In this poem, Paz wants to call up the sense of repetition of human life within eternity and the sense of ambiguity and duality of the universe. Written in 584 lines, the same number of days that it takes the planet Venus to complete its synodic period, the poem strives to be cyclical also. The first six lines of the poem are the last ones, signifying the re-entry into a new and identical cycle. After this beginning the poet deals with himself, placed in the world, among past and future, spending an ephemeral life made only of instants. Love is, among all human experiences, the deepest and most rewarding.

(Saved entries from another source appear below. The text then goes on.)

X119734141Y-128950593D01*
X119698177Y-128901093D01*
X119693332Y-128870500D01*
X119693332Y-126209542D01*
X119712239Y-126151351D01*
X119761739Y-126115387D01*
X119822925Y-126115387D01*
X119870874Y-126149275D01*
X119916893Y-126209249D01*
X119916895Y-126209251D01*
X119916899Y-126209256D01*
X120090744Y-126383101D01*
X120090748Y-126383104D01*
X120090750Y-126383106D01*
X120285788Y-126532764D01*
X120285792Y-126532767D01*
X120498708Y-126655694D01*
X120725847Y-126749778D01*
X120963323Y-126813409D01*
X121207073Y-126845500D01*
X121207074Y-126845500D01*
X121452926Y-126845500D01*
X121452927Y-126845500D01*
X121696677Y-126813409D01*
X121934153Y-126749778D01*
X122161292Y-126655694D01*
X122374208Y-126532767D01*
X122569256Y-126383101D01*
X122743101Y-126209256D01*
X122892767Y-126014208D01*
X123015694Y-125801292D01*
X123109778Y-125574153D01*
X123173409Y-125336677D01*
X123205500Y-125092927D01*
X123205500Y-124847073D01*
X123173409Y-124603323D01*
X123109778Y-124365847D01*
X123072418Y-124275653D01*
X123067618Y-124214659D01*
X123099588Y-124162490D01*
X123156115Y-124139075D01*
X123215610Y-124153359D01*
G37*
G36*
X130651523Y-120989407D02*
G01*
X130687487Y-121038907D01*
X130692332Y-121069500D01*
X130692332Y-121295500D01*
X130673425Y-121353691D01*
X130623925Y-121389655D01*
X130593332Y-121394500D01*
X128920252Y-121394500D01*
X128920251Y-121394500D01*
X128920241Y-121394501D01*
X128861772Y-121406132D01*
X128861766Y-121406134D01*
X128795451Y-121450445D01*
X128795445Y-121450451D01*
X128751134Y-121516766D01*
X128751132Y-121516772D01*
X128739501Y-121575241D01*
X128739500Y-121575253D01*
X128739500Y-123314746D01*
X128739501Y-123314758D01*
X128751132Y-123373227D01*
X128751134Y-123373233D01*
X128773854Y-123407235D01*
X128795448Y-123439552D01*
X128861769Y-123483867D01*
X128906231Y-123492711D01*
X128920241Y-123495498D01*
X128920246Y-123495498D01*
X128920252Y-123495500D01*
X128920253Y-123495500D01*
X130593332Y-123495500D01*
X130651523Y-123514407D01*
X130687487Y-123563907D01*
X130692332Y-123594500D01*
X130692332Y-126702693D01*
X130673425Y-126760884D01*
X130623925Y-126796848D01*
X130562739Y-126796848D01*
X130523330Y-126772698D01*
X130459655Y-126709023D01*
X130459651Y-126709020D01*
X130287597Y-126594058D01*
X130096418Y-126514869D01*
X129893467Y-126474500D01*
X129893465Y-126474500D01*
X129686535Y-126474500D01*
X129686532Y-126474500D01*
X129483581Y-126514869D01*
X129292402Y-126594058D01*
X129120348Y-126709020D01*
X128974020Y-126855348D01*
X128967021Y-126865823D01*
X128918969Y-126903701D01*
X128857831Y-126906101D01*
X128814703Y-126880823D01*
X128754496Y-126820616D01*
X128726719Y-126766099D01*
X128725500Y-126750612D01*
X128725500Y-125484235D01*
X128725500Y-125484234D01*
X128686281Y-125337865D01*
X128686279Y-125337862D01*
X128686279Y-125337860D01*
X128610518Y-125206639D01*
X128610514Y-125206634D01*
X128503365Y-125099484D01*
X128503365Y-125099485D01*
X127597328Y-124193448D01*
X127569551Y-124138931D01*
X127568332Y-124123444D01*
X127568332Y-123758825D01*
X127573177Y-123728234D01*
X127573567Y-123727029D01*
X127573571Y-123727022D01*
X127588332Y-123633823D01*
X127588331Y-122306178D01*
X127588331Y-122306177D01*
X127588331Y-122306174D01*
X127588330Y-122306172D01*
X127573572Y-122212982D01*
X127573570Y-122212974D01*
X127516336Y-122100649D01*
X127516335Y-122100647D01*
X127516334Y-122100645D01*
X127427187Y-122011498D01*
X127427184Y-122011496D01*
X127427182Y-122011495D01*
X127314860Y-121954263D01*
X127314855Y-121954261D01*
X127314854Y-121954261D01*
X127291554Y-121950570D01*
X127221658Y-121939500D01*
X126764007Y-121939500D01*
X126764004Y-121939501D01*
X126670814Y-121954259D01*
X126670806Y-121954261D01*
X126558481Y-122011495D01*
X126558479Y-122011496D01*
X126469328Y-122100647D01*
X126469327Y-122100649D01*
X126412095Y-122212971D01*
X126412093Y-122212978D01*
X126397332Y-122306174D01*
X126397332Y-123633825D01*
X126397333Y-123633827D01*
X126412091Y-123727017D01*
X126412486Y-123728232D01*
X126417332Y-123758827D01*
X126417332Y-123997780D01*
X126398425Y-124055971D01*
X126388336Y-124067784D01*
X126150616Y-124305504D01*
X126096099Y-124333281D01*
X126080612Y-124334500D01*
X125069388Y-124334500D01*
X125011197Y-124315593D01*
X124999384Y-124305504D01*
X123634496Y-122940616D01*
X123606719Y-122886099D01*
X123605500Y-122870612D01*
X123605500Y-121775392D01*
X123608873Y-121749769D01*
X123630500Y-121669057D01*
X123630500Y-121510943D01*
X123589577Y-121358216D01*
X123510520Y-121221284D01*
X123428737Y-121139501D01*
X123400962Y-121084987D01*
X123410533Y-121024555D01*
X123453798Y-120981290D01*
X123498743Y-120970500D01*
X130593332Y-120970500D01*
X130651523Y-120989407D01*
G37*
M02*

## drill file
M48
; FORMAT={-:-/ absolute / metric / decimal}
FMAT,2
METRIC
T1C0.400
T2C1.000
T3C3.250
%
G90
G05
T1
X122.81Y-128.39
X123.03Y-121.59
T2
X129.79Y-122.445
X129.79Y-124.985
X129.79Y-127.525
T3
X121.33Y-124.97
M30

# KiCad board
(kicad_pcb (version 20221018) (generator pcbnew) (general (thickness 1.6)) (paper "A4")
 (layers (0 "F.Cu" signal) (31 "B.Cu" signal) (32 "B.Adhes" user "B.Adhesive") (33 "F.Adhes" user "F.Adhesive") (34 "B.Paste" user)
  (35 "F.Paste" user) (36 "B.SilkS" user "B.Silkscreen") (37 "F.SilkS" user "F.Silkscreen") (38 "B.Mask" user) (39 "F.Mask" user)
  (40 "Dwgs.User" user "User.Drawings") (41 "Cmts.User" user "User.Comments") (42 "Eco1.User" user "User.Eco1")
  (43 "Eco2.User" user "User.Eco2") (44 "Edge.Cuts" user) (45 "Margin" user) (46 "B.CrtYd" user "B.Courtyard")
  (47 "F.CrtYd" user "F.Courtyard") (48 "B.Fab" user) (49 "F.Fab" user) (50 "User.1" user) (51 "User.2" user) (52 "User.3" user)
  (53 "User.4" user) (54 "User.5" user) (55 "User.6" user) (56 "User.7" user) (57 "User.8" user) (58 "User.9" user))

However, consubstantial to love is death; therefore, all human experiences, including love, are nothing in contrast with eternity. Under this dimension, life is an instant, a symbol, nothing. The only true way of reaching completeness of oneself is by existing for others.

Finally the poet longs for birth and light amidst death and shadow.

Poet of metaphysical uneasiness, tortured by the most radical human problems, with his sensitivity always prone to perceive and analyze every new mainstream of thought, Paz has reached a prominent position among the poets of his generation. It would not be an exaggeration to say that in him Mexico has her best and deepest-insighted living poet.